Stored data:
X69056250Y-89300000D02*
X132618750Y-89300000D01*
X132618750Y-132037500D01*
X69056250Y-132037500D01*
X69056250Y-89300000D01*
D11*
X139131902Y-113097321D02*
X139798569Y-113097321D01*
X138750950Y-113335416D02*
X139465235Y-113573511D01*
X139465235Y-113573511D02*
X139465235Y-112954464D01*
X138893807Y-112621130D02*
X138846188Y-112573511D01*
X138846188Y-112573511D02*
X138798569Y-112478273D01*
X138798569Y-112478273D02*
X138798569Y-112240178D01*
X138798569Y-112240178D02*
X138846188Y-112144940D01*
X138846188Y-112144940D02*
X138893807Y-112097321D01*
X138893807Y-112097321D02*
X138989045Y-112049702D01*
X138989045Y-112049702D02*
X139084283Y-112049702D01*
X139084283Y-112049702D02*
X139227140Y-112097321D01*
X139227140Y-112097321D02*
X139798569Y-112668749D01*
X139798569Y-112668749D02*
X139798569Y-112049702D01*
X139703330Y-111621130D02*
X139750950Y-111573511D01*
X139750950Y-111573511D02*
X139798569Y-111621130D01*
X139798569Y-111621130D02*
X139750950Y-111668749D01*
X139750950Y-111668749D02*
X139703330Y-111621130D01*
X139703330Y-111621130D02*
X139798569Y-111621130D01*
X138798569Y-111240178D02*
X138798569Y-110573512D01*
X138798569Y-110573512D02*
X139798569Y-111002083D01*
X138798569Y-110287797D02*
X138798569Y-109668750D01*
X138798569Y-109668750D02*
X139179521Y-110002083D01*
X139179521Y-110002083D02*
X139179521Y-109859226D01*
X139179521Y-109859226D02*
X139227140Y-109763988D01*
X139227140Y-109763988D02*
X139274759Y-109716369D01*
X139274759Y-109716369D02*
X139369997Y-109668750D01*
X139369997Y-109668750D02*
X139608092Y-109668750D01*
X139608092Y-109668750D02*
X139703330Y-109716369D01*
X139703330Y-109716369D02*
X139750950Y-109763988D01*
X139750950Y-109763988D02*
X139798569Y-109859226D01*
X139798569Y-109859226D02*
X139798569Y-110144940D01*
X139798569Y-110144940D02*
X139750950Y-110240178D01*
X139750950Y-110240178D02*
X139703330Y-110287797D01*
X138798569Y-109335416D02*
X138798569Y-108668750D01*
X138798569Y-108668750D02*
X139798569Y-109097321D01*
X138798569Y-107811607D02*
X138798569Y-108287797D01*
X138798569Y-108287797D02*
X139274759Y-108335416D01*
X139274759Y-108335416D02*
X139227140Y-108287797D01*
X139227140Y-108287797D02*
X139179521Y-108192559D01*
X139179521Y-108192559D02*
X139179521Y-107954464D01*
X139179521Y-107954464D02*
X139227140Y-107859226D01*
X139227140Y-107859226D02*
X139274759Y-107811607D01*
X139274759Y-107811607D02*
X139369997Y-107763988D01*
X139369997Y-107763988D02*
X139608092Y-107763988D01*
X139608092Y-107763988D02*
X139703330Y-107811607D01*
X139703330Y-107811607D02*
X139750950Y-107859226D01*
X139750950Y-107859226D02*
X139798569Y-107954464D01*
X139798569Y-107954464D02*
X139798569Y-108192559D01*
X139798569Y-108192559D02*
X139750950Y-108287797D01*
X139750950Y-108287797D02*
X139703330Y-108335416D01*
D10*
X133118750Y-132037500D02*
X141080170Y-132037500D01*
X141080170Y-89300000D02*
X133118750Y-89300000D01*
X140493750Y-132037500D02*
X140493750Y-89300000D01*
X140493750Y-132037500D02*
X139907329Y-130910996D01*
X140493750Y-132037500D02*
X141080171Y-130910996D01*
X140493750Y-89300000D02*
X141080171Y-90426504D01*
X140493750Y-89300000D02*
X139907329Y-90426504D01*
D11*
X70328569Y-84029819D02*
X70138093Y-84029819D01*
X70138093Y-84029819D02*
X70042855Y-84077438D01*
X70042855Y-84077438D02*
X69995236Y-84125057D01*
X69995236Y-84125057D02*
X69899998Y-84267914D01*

Your goal:
Return the data in its entirety, exactly as given.

Response box:
X69056250Y-89300000D02*
X132618750Y-89300000D01*
X132618750Y-132037500D01*
X69056250Y-132037500D01*
X69056250Y-89300000D01*
D11*
X139131902Y-113097321D02*
X139798569Y-113097321D01*
X138750950Y-113335416D02*
X139465235Y-113573511D01*
X139465235Y-113573511D02*
X139465235Y-112954464D01*
X138893807Y-112621130D02*
X138846188Y-112573511D01*
X138846188Y-112573511D02*
X138798569Y-112478273D01*
X138798569Y-112478273D02*
X138798569Y-112240178D01*
X138798569Y-112240178D02*
X138846188Y-112144940D01*
X138846188Y-112144940D02*
X138893807Y-112097321D01*
X138893807Y-112097321D02*
X138989045Y-112049702D01*
X138989045Y-112049702D02*
X139084283Y-112049702D01*
X139084283Y-112049702D02*
X139227140Y-112097321D01*
X139227140Y-112097321D02*
X139798569Y-112668749D01*
X139798569Y-112668749D02*
X139798569Y-112049702D01*
X139703330Y-111621130D02*
X139750950Y-111573511D01*
X139750950Y-111573511D02*
X139798569Y-111621130D01*
X139798569Y-111621130D02*
X139750950Y-111668749D01*
X139750950Y-111668749D02*
X139703330Y-111621130D01*
X139703330Y-111621130D02*
X139798569Y-111621130D01*
X138798569Y-111240178D02*
X138798569Y-110573512D01*
X138798569Y-110573512D02*
X139798569Y-111002083D01*
X138798569Y-110287797D02*
X138798569Y-109668750D01*
X138798569Y-109668750D02*
X139179521Y-110002083D01*
X139179521Y-110002083D02*
X139179521Y-109859226D01*
X139179521Y-109859226D02*
X139227140Y-109763988D01*
X139227140Y-109763988D02*
X139274759Y-109716369D01*
X139274759Y-109716369D02*
X139369997Y-109668750D01*
X139369997Y-109668750D02*
X139608092Y-109668750D01*
X139608092Y-109668750D02*
X139703330Y-109716369D01*
X139703330Y-109716369D02*
X139750950Y-109763988D01*
X139750950Y-109763988D02*
X139798569Y-109859226D01*
X139798569Y-109859226D02*
X139798569Y-110144940D01*
X139798569Y-110144940D02*
X139750950Y-110240178D01*
X139750950Y-110240178D02*
X139703330Y-110287797D01*
X138798569Y-109335416D02*
X138798569Y-108668750D01*
X138798569Y-108668750D02*
X139798569Y-109097321D01*
X138798569Y-107811607D02*
X138798569Y-108287797D01*
X138798569Y-108287797D02*
X139274759Y-108335416D01*
X139274759Y-108335416D02*
X139227140Y-108287797D01*
X139227140Y-108287797D02*
X139179521Y-108192559D01*
X139179521Y-108192559D02*
X139179521Y-107954464D01*
X139179521Y-107954464D02*
X139227140Y-107859226D01*
X139227140Y-107859226D02*
X139274759Y-107811607D01*
X139274759Y-107811607D02*
X139369997Y-107763988D01*
X139369997Y-107763988D02*
X139608092Y-107763988D01*
X139608092Y-107763988D02*
X139703330Y-107811607D01*
X139703330Y-107811607D02*
X139750950Y-107859226D01*
X139750950Y-107859226D02*
X139798569Y-107954464D01*
X139798569Y-107954464D02*
X139798569Y-108192559D01*
X139798569Y-108192559D02*
X139750950Y-108287797D01*
X139750950Y-108287797D02*
X139703330Y-108335416D01*
D10*
X133118750Y-132037500D02*
X141080170Y-132037500D01*
X141080170Y-89300000D02*
X133118750Y-89300000D01*
X140493750Y-132037500D02*
X140493750Y-89300000D01*
X140493750Y-132037500D02*
X139907329Y-130910996D01*
X140493750Y-132037500D02*
X141080171Y-130910996D01*
X140493750Y-89300000D02*
X141080171Y-90426504D01*
X140493750Y-89300000D02*
X139907329Y-90426504D01*
D11*
X70328569Y-84029819D02*
X70138093Y-84029819D01*
X70138093Y-84029819D02*
X70042855Y-84077438D01*
X70042855Y-84077438D02*
X69995236Y-84125057D01*
X69995236Y-84125057D02*
X69899998Y-84267914D01*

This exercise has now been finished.